Menger was a university professor for the law of civil process in Vienna from 1874 until 1899, where he was also the Vice Chancellor from 1895 to 1896. Carl Menger was his brother.

Menger's theses and arguments stem from a changed social structure, that was shaped by the economic crisis (1873) and social questions that sought answers from liberal politics ("invisible hand" Adam Smith) in the pursuit of social justice. His juridical interests are assumed to be different than Karl Marx and Friedrich Engels in dealing with all theoretical legal issues.

In Menger's juridical theory, he dismissed the basis of positive law from natural law. Rather, he argued that the backbone of law was merely a gauge of societal power relations.

His name is also famous in connection with the collection of original socialist literature in Vienna. Menger collected everything that he could procure and began a book tour through Paris, London and Berlin, where his special socialist collection was unique in the world for the time. Mengers private library was acquired by the Sozialwissenschaftlichen Studienbibliothek der Kammer für Arbeiter und Angestellte für Wien in the 1920s.

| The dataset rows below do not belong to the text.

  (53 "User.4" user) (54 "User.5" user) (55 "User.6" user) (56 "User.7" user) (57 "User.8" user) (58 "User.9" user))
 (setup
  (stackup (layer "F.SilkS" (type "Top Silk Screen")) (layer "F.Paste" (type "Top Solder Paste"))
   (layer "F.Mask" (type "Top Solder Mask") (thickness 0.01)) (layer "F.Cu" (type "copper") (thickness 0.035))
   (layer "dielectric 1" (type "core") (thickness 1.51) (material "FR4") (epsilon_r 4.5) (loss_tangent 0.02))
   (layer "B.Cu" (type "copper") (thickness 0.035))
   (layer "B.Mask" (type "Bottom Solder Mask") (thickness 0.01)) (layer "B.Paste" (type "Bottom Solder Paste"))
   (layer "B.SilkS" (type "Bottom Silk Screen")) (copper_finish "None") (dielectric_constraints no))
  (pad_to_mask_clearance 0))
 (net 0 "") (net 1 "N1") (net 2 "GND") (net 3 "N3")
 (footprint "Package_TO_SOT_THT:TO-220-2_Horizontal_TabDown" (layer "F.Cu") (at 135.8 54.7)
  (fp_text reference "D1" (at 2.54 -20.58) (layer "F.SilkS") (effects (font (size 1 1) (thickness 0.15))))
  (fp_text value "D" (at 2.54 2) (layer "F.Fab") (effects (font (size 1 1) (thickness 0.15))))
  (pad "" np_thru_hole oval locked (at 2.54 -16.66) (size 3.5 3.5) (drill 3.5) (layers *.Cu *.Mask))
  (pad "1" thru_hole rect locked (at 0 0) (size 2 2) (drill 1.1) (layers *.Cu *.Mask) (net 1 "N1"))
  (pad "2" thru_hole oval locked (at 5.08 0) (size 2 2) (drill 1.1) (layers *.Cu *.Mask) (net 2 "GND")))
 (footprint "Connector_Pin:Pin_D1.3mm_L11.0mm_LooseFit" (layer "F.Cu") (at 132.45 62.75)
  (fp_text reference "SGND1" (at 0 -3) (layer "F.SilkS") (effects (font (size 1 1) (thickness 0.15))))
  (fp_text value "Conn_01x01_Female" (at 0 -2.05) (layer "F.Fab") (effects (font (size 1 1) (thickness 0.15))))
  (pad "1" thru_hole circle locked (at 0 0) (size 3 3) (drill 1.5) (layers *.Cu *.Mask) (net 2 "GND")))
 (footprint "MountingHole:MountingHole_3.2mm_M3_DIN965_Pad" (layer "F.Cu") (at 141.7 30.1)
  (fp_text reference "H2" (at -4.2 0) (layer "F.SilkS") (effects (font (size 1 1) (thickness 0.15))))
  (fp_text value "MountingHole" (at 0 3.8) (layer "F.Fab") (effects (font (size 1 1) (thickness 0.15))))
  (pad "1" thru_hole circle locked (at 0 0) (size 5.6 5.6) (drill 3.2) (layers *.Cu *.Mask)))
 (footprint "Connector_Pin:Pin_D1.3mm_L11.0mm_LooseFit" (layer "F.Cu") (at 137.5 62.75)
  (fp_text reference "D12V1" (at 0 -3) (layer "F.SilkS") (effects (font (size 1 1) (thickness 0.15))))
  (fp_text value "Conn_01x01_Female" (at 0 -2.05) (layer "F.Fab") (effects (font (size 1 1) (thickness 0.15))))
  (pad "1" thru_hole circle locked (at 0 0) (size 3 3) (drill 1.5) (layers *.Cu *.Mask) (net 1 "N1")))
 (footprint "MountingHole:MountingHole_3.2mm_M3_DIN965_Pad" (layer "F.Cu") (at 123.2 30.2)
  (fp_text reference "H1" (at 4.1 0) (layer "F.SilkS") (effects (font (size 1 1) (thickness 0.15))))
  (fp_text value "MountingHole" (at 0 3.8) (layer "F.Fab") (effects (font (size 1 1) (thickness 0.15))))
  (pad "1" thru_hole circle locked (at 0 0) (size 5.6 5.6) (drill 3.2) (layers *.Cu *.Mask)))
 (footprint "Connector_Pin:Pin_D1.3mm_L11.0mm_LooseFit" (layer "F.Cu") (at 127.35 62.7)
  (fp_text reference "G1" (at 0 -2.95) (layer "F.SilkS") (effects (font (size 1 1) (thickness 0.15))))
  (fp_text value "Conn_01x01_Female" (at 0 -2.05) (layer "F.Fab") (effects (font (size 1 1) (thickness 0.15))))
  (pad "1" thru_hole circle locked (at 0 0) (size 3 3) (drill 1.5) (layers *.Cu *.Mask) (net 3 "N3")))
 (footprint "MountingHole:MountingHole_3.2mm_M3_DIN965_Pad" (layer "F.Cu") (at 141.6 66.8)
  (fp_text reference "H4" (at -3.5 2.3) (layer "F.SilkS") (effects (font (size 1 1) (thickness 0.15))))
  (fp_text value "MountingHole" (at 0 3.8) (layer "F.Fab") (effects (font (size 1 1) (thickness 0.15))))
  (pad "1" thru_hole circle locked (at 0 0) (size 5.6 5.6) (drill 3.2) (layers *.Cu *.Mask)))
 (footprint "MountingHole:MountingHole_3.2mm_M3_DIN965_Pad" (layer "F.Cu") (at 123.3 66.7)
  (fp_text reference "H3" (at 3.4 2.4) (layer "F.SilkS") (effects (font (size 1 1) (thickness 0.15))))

Friedrich Engels and Karl Kautsky tried to grapple with Menger's (1886) attacks on Marx's Das Kapital as well as his fundamental project to ground socialism in legal theory in "Juridical Socialism" ("Die Neue Zeit", 2, Jg. 1887; abgedr. MEW 21, 491 ff.): "The evidence shows that Marx was a plagiarist, and this is proof that the concept of surplus value was already brought about in another sense before Marx!"

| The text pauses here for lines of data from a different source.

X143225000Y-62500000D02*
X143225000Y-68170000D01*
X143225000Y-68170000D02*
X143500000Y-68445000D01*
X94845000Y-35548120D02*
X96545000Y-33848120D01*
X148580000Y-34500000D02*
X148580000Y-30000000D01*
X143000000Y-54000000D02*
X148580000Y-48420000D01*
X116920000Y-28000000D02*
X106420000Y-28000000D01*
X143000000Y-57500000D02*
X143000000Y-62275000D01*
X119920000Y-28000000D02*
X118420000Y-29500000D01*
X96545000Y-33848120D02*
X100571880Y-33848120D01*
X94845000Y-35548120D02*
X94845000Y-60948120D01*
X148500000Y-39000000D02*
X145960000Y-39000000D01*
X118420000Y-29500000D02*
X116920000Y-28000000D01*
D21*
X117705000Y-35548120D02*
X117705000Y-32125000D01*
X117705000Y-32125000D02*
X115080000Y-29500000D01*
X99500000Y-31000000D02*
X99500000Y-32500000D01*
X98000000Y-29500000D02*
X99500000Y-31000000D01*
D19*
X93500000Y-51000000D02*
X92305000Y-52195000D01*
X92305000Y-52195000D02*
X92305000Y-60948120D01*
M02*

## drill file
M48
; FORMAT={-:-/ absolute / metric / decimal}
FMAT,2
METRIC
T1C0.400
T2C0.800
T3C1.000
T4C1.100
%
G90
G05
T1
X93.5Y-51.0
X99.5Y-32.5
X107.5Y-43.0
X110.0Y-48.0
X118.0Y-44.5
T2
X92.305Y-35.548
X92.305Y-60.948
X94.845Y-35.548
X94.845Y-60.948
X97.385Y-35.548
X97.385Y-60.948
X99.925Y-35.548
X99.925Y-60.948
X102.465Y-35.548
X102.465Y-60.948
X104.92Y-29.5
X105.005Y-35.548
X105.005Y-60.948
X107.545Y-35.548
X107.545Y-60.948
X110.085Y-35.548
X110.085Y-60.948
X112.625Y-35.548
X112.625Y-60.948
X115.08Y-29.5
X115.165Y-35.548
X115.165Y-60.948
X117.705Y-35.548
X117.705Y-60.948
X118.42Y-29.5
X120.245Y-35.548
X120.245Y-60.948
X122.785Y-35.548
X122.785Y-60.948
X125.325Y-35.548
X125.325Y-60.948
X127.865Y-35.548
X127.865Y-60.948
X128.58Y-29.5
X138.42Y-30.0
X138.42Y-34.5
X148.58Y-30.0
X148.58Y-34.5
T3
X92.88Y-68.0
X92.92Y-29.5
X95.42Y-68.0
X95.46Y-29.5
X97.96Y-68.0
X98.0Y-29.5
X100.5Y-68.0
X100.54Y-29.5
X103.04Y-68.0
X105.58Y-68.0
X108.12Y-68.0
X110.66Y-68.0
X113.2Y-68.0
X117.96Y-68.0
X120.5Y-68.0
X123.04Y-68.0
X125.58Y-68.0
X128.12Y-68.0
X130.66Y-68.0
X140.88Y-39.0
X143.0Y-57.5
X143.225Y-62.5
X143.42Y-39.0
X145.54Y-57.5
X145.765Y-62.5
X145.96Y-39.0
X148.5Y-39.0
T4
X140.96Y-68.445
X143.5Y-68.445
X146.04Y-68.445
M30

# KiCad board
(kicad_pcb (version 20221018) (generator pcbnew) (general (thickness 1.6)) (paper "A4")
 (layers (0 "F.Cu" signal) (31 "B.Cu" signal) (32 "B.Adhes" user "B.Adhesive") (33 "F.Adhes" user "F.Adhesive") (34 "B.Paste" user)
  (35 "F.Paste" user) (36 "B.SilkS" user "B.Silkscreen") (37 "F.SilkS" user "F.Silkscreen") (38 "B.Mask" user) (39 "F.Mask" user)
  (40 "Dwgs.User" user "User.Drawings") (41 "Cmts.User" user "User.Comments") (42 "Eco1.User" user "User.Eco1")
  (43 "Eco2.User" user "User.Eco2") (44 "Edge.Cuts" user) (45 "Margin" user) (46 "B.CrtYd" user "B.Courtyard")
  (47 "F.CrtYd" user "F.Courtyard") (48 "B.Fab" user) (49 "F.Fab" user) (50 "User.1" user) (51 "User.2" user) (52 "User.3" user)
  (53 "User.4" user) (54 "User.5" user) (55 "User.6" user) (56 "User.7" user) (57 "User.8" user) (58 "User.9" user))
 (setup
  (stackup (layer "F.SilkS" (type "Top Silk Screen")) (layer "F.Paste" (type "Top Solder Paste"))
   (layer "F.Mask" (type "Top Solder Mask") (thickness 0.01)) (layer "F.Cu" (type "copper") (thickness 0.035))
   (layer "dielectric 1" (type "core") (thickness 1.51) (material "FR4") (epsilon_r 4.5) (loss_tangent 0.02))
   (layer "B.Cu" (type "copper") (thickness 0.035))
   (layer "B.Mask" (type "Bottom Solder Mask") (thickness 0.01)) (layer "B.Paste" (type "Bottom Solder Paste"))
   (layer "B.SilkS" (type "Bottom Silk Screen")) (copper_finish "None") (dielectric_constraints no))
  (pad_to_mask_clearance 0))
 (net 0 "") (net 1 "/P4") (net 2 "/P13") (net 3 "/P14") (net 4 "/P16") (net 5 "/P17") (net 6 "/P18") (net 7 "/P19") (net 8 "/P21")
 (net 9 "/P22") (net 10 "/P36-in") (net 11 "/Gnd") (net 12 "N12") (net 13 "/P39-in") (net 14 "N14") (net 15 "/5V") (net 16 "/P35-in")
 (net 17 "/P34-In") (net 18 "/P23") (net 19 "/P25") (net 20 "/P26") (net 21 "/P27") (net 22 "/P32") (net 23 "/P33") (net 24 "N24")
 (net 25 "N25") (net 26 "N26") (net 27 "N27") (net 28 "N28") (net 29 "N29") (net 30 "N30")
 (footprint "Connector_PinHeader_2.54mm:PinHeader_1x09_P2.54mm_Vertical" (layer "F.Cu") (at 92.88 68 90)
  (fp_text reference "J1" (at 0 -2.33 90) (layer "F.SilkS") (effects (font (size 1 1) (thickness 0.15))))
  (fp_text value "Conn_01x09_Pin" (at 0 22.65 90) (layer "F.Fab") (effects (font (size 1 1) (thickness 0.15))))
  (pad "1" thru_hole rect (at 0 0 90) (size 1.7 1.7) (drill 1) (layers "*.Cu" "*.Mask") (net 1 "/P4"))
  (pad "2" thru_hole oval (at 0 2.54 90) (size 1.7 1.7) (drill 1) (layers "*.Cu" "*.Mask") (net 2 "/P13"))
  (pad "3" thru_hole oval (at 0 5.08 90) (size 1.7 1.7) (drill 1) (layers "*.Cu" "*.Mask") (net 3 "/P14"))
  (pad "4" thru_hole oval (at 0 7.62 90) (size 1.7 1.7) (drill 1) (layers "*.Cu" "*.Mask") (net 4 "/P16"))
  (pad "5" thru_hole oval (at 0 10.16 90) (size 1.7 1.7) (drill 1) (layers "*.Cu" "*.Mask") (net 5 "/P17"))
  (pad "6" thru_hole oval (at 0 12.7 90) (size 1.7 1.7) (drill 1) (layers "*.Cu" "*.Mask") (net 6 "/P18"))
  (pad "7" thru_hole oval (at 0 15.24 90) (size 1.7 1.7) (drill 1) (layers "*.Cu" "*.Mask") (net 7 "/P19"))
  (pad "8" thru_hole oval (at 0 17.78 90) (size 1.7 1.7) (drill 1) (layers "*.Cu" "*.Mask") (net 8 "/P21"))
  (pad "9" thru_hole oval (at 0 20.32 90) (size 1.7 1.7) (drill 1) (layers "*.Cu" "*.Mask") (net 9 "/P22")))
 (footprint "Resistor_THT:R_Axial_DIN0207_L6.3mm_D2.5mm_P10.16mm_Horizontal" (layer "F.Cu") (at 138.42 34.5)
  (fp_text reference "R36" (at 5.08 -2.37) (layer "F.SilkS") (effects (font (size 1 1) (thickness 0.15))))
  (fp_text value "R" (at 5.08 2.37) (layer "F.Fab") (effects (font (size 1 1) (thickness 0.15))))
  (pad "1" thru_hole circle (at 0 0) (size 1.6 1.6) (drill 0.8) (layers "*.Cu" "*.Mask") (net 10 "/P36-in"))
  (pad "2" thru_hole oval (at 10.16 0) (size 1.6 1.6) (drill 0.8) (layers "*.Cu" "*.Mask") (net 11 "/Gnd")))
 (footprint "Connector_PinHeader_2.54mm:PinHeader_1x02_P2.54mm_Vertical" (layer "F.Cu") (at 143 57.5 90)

The Mengergasse in Floridsdorf (21. Bezirk) was named after him in 1919.

== Publications ==

- Die Zulässigkeit neuen thatsächlichen Vorbringens in den höheren Instanzen. Eine civilprocessualische Abhandlung. 1873.
- Das Recht auf den vollen Arbeitsertrag in geschichtlicher Darstellung. Cotta, Stuttgart 1886.
- Gutachten über die Vorschläge zur Errichtung einer eidgenössischen Hochschule für Rechts- und Staatswissenschaft. Zürich, J. J. Schabelitz. 1889
- Das Bürgerliche Recht und die besitzlosen Volksklassen. Eine Kritik des Entwurfs eines Bürgerlichen Gesetzbuches für das Deutsche Reich. 1890.
- Die sozialen Aufgaben der Rechtswissenschaft. ( Antrittsrede bei Übernahme des Rektorates der Universität Wien ). 1896 ( 2. Auflage Wien, Braumüller 1905 )
- Neue Staatslehre. 1903.
- Neue Sittenlehre. Jena, G. Fischer, 1905.

== Literature ==
- Gerhard Oberkofler: Anton Menger (1841-1906). In: Bewahren Verbreiten Aufklären. Hrsg. Günter Benser und Michael Schneider. Bonn-Bad Godesberg 2009 ISBN 978-3-86872-105-8, S. 196-201 online (pdf)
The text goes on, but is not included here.